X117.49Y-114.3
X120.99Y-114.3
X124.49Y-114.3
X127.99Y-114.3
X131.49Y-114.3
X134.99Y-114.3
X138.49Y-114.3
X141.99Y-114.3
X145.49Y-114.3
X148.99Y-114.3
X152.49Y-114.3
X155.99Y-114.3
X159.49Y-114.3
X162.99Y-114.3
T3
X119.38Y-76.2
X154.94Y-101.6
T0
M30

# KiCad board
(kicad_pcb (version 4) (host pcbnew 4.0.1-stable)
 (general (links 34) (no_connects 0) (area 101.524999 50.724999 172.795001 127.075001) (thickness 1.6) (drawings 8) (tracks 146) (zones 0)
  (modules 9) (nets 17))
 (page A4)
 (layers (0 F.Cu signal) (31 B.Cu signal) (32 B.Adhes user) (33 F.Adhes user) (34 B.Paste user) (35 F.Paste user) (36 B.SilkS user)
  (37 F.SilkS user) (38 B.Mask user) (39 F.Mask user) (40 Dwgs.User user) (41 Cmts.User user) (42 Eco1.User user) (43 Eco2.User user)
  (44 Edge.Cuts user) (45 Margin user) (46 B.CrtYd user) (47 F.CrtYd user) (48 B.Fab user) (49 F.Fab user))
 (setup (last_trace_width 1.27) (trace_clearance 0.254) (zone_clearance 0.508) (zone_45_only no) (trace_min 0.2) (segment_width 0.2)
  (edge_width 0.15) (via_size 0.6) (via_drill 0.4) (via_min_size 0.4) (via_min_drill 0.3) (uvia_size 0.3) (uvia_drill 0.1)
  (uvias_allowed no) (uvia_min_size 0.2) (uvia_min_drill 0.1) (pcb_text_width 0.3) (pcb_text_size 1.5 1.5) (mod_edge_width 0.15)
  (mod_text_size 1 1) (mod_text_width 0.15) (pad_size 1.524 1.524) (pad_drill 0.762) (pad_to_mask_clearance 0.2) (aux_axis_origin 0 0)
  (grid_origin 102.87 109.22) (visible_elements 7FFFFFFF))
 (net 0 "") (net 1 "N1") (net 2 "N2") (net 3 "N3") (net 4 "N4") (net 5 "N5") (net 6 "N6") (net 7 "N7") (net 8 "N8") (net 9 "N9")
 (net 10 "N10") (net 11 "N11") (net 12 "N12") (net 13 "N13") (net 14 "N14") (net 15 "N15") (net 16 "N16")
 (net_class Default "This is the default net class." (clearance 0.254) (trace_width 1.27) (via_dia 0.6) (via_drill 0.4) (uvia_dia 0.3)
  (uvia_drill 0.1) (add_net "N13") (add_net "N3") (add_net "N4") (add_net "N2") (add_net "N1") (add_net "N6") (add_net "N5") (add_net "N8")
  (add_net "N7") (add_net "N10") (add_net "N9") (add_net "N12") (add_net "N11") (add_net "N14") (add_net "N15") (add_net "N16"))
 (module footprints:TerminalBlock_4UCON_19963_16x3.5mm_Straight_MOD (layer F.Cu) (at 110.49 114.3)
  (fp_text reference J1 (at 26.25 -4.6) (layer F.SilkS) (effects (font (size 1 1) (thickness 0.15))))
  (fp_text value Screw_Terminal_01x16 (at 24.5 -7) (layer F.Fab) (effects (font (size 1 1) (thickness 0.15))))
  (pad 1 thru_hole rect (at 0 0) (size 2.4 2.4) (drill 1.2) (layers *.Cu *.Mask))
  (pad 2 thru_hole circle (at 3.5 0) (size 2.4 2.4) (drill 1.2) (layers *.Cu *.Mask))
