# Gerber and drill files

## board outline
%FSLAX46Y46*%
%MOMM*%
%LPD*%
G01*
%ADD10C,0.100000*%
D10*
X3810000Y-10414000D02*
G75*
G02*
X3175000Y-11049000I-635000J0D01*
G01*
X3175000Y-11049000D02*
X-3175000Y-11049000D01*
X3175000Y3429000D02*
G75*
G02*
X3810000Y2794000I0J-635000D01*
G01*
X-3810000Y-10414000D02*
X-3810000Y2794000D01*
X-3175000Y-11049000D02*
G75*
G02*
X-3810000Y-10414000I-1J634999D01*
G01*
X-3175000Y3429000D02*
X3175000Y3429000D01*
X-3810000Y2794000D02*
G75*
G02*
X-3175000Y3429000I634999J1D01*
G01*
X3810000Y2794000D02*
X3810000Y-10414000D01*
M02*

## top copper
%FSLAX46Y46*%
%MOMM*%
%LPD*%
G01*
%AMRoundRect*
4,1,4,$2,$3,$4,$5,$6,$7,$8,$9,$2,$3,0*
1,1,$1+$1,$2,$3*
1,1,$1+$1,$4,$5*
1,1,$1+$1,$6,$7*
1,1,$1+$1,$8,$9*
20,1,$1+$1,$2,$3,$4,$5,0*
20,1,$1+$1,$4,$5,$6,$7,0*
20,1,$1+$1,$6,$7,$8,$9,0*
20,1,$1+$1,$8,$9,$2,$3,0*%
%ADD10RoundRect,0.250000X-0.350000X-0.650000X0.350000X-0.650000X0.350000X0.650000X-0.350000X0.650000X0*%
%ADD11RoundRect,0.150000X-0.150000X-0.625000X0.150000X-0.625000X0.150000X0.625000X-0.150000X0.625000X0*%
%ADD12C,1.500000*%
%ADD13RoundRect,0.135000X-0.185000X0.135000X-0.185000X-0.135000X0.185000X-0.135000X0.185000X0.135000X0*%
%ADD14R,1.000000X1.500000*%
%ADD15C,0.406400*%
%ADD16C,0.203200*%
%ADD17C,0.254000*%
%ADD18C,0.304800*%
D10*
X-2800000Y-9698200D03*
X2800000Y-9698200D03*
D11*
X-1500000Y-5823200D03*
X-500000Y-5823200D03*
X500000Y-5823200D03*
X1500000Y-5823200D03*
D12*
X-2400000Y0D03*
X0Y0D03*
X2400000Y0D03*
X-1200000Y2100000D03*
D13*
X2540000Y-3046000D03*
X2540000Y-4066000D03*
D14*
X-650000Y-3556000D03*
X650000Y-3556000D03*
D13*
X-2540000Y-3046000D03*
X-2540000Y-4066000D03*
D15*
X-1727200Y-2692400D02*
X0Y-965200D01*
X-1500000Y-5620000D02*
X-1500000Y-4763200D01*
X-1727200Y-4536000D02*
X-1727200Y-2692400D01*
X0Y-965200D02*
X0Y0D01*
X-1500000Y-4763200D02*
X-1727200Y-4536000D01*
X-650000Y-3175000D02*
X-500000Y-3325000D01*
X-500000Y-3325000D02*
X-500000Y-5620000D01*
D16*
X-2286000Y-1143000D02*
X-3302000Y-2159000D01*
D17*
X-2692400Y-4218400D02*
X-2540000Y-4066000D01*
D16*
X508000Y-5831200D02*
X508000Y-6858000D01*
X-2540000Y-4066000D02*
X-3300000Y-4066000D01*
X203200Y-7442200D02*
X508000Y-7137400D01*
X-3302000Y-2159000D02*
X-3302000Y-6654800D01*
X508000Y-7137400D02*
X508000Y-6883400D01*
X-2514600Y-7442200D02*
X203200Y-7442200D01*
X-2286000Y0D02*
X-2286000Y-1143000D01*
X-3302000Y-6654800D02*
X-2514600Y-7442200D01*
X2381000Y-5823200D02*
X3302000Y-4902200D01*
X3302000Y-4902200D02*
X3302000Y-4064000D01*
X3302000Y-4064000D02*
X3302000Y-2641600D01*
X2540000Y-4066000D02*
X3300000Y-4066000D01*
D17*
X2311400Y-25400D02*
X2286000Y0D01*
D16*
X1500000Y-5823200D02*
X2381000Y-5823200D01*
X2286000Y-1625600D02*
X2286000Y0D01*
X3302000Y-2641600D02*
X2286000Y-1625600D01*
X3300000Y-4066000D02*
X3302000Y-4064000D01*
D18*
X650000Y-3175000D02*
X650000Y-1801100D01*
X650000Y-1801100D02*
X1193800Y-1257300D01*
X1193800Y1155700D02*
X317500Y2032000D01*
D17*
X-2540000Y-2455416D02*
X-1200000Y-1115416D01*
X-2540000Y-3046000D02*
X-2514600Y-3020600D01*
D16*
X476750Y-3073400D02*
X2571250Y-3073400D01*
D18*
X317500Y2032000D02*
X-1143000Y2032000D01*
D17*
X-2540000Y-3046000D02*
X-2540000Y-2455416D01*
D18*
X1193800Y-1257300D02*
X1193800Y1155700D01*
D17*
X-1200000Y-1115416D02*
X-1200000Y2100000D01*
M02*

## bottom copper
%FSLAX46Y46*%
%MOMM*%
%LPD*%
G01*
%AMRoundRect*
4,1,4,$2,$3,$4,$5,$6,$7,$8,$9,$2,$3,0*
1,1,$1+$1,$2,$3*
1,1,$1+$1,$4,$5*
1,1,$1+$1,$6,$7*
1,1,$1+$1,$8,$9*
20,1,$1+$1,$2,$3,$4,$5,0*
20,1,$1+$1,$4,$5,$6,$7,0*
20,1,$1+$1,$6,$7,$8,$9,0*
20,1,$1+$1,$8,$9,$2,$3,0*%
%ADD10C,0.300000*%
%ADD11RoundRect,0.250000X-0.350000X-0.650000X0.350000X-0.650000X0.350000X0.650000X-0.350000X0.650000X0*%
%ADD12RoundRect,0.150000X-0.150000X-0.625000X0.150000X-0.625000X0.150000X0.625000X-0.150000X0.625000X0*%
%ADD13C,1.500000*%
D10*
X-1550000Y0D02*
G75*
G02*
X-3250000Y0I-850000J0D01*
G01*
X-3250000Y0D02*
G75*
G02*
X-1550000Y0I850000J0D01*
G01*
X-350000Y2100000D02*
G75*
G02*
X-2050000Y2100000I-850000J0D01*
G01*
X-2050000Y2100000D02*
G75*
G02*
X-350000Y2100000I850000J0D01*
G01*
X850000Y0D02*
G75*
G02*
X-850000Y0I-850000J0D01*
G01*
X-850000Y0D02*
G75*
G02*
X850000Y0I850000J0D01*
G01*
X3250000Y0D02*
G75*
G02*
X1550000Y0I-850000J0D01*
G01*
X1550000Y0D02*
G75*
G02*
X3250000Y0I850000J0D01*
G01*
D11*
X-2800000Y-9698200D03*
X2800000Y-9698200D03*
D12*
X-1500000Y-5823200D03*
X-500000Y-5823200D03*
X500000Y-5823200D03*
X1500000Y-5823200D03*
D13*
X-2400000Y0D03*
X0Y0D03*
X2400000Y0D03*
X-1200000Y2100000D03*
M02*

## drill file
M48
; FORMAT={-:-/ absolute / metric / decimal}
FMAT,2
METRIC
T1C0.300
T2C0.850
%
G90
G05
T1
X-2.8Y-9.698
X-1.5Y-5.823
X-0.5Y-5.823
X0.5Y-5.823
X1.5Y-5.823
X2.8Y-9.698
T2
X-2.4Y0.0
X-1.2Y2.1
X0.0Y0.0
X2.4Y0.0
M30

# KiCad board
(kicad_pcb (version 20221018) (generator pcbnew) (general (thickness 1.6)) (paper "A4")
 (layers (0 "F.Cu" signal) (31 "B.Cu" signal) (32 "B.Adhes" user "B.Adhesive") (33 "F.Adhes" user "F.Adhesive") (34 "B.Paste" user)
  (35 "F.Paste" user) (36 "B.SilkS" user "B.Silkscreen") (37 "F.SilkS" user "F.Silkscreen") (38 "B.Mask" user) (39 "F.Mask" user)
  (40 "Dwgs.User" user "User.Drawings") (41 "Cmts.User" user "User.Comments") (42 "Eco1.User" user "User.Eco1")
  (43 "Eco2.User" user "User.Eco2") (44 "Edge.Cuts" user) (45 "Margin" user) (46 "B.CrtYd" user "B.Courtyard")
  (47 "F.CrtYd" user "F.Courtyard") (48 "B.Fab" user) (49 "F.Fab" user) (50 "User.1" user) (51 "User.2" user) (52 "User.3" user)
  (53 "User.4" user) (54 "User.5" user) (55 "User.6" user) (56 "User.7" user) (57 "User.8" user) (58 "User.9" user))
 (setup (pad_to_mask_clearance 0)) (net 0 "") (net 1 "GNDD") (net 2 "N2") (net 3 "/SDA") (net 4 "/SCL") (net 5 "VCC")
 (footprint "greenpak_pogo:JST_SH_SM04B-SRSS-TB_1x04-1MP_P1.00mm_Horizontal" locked (layer "F.Cu") (at 0 7.8232)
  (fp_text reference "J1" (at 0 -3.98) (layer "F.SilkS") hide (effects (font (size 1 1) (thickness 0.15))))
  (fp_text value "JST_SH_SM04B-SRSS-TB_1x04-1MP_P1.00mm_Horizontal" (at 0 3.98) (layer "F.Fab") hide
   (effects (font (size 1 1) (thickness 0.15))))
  (pad "" thru_hole roundrect locked (at -2.8 1.875) (size 1.2 1.8) (drill 0.3) (layers "*.Cu" "F.Paste" "F.Mask")
   (roundrect_rratio 0.2083333333))
  (pad "" thru_hole roundrect locked (at 2.8 1.875) (size 1.2 1.8) (drill 0.3) (layers "*.Cu" "F.Paste" "F.Mask")
   (roundrect_rratio 0.2083333333))
  (pad "1" thru_hole roundrect locked (at -1.5 -2) (size 0.6 1.55) (drill 0.3) (layers "*.Cu" "F.Paste" "F.Mask") (roundrect_rratio 0.25)
   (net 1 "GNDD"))
  (pad "2" thru_hole roundrect locked (at -0.5 -2) (size 0.6 1.55) (drill 0.3) (layers "*.Cu" "F.Paste" "F.Mask") (roundrect_rratio 0.25)
   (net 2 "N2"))
  (pad "3" thru_hole roundrect locked (at 0.5 -2) (size 0.6 1.55) (drill 0.3) (layers "*.Cu" "F.Paste" "F.Mask") (roundrect_rratio 0.25)
   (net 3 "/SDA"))
  (pad "4" thru_hole roundrect locked (at 1.5 -2) (size 0.6 1.55) (drill 0.3) (layers "*.Cu" "F.Paste" "F.Mask") (roundrect_rratio 0.25)
   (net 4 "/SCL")))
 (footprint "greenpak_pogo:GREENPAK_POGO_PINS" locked (layer "F.Cu") (at 0 0)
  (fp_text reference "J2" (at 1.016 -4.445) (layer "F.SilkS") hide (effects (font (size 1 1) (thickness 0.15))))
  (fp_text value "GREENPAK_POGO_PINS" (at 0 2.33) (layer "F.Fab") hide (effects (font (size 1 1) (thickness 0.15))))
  (fp_circle (center -2.4 0) (end -1.55 0) (stroke (width 0.3) (type solid)) (fill none) (layer "B.Cu"))
  (fp_circle (center -1.2 -2.1) (end -0.35 -2.1) (stroke (width 0.3) (type solid)) (fill none) (layer "B.Cu"))
  (fp_circle (center 0 0) (end 0.85 0) (stroke (width 0.3) (type solid)) (fill none) (layer "B.Cu"))
  (fp_circle (center 2.4 0) (end 3.25 0) (stroke (width 0.3) (type solid)) (fill none) (layer "B.Cu"))
  (pad "1" thru_hole circle locked (at -2.4 0) (size 1.5 1.5) (drill 0.85) (layers "*.Cu" "*.Mask") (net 3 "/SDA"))
  (pad "2" thru_hole circle locked (at 0 0) (size 1.5 1.5) (drill 0.85) (layers "*.Cu" "*.Mask") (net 1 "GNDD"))
  (pad "3" thru_hole circle locked (at 2.4 0) (size 1.5 1.5) (drill 0.85) (layers "*.Cu" "*.Mask") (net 4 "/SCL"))
  (pad "4" thru_hole circle locked (at -1.2 -2.1) (size 1.5 1.5) (drill 0.85) (layers "*.Cu" "*.Mask") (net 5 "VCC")))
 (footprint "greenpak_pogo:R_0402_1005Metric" (layer "F.Cu") (at 2.54 3.556 -90)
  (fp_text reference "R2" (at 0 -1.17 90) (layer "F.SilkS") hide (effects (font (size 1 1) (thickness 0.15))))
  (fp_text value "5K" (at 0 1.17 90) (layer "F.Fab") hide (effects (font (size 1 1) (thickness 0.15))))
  (pad "1" smd roundrect (at -0.51 0 270) (size 0.54 0.64) (layers "F.Cu" "F.Paste" "F.Mask") (roundrect_rratio 0.25) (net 5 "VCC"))
  (pad "2" smd roundrect (at 0.51 0 270) (size 0.54 0.64) (layers "F.Cu" "F.Paste" "F.Mask") (roundrect_rratio 0.25) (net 4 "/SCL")))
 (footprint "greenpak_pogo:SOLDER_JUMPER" (layer "F.Cu") (at 0 3.556)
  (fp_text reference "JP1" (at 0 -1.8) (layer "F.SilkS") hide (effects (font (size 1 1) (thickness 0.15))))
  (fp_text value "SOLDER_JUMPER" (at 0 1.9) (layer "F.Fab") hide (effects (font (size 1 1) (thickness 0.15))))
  (pad "1" smd rect (at -0.65 0) (size 1 1.5) (layers "F.Cu" "F.Mask") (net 2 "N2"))
  (pad "2" smd rect (at 0.65 0) (size 1 1.5) (layers "F.Cu" "F.Mask") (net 5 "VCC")))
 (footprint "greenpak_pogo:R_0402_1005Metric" (layer "F.Cu") (at -2.54 3.556 -90)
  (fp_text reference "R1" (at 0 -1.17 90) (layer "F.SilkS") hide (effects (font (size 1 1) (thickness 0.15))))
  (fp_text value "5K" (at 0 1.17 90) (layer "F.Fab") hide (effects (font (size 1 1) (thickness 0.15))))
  (pad "1" smd roundrect (at -0.51 0 270) (size 0.54 0.64) (layers "F.Cu" "F.Paste" "F.Mask") (roundrect_rratio 0.25) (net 5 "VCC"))
  (pad "2" smd roundrect (at 0.51 0 270) (size 0.54 0.64) (layers "F.Cu" "F.Paste" "F.Mask") (roundrect_rratio 0.25) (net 3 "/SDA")))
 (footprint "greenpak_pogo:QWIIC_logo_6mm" (layer "B.Cu") (at 0.040263 4.7302 180)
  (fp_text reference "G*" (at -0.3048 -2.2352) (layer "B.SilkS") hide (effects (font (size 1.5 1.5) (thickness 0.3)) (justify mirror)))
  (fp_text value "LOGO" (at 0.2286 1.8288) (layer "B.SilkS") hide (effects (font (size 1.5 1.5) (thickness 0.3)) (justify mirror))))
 (gr_arc (start 3.81 10.414) (mid 3.624013 10.863013) (end 3.175 11.049) (stroke (width 0.1) (type default)) (layer "Edge.Cuts"))
 (gr_line (start 3.175 11.049) (end -3.175 11.049) (stroke (width 0.1) (type default)) (layer "Edge.Cuts"))
 (gr_arc (start 3.175 -3.429) (mid 3.624013 -3.243013) (end 3.81 -2.794) (stroke (width 0.1) (type default)) (layer "Edge.Cuts"))
 (gr_line (start -3.81 10.414) (end -3.81 -2.794) (stroke (width 0.1) (type default)) (layer "Edge.Cuts"))
 (gr_arc (start -3.175 11.049) (mid -3.624013 10.863013) (end -3.81 10.414) (stroke (width 0.1) (type default)) (layer "Edge.Cuts"))
 (gr_line (start -3.175 -3.429) (end 3.175 -3.429) (stroke (width 0.1) (type default)) (layer "Edge.Cuts"))
 (gr_arc (start -3.81 -2.794) (mid -3.624013 -3.243013) (end -3.175 -3.429) (stroke (width 0.1) (type default)) (layer "Edge.Cuts"))
 (gr_line (start 3.81 -2.794) (end 3.81 10.414) (stroke (width 0.1) (type default)) (layer "Edge.Cuts"))
 (segment (start -1.7272 2.6924) (end 0 0.9652) (width 0.4064) (layer "F.Cu") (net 1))
 (segment (start -1.5 5.62) (end -1.5 4.7632) (width 0.4064) (layer "F.Cu") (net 1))
 (segment (start -1.7272 4.536) (end -1.7272 2.6924) (width 0.4064) (layer "F.Cu") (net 1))
 (segment (start 0 0.9652) (end 0 0) (width 0.4064) (layer "F.Cu") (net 1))
 (segment (start -1.5 4.7632) (end -1.7272 4.536) (width 0.4064) (layer "F.Cu") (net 1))
 (segment (start -0.65 3.175) (end -0.5 3.325) (width 0.4064) (layer "F.Cu") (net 2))
 (segment (start -0.5 3.325) (end -0.5 5.62) (width 0.4064) (layer "F.Cu") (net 2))
 (segment (start -2.286 1.143) (end -3.302 2.159) (width 0.2032) (layer "F.Cu") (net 3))
 (segment (start -2.6924 4.2184) (end -2.54 4.066) (width 0.254) (layer "F.Cu") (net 3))
 (segment (start 0.508 5.8312) (end 0.508 6.858) (width 0.2032) (layer "F.Cu") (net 3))
 (segment (start -2.54 4.066) (end -3.3 4.066) (width 0.2032) (layer "F.Cu") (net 3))
 (segment (start 0.2032 7.4422) (end 0.508 7.1374) (width 0.2032) (layer "F.Cu") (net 3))
 (segment (start -3.302 2.159) (end -3.302 6.6548) (width 0.2032) (layer "F.Cu") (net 3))
 (segment (start 0.508 7.1374) (end 0.508 6.8834) (width 0.2032) (layer "F.Cu") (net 3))
 (segment (start -2.5146 7.4422) (end 0.2032 7.4422) (width 0.2032) (layer "F.Cu") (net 3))
 (segment (start -2.286 0) (end -2.286 1.143) (width 0.2032) (layer "F.Cu") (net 3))
 (segment (start -3.302 6.6548) (end -2.5146 7.4422) (width 0.2032) (layer "F.Cu") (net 3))
 (segment (start 2.381 5.8232) (end 3.302 4.9022) (width 0.2032) (layer "F.Cu") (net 4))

_ASSIGNMENT_
The required output is the stretch of entries above from the line containing "X1550000Y0D02*" through the line containing "(setup (pad_to_mask_clearance 0))", reproduced exactly.

_WRITTEN RESPONSE_
X1550000Y0D02*
G75*
G02*
X3250000Y0I850000J0D01*
G01*
D11*
X-2800000Y-9698200D03*
X2800000Y-9698200D03*
D12*
X-1500000Y-5823200D03*
X-500000Y-5823200D03*
X500000Y-5823200D03*
X1500000Y-5823200D03*
D13*
X-2400000Y0D03*
X0Y0D03*
X2400000Y0D03*
X-1200000Y2100000D03*
M02*

## drill file
M48
; FORMAT={-:-/ absolute / metric / decimal}
FMAT,2
METRIC
T1C0.300
T2C0.850
%
G90
G05
T1
X-2.8Y-9.698
X-1.5Y-5.823
X-0.5Y-5.823
X0.5Y-5.823
X1.5Y-5.823
X2.8Y-9.698
T2
X-2.4Y0.0
X-1.2Y2.1
X0.0Y0.0
X2.4Y0.0
M30

# KiCad board
(kicad_pcb (version 20221018) (generator pcbnew) (general (thickness 1.6)) (paper "A4")
 (layers (0 "F.Cu" signal) (31 "B.Cu" signal) (32 "B.Adhes" user "B.Adhesive") (33 "F.Adhes" user "F.Adhesive") (34 "B.Paste" user)
  (35 "F.Paste" user) (36 "B.SilkS" user "B.Silkscreen") (37 "F.SilkS" user "F.Silkscreen") (38 "B.Mask" user) (39 "F.Mask" user)
  (40 "Dwgs.User" user "User.Drawings") (41 "Cmts.User" user "User.Comments") (42 "Eco1.User" user "User.Eco1")
  (43 "Eco2.User" user "User.Eco2") (44 "Edge.Cuts" user) (45 "Margin" user) (46 "B.CrtYd" user "B.Courtyard")
  (47 "F.CrtYd" user "F.Courtyard") (48 "B.Fab" user) (49 "F.Fab" user) (50 "User.1" user) (51 "User.2" user) (52 "User.3" user)
  (53 "User.4" user) (54 "User.5" user) (55 "User.6" user) (56 "User.7" user) (57 "User.8" user) (58 "User.9" user))
 (setup (pad_to_mask_clearance 0)) (net 0 "") (net 1 "GNDD") (net 2 "N2") (net 3 "/SDA") (net 4 "/SCL") (net 5 "VCC")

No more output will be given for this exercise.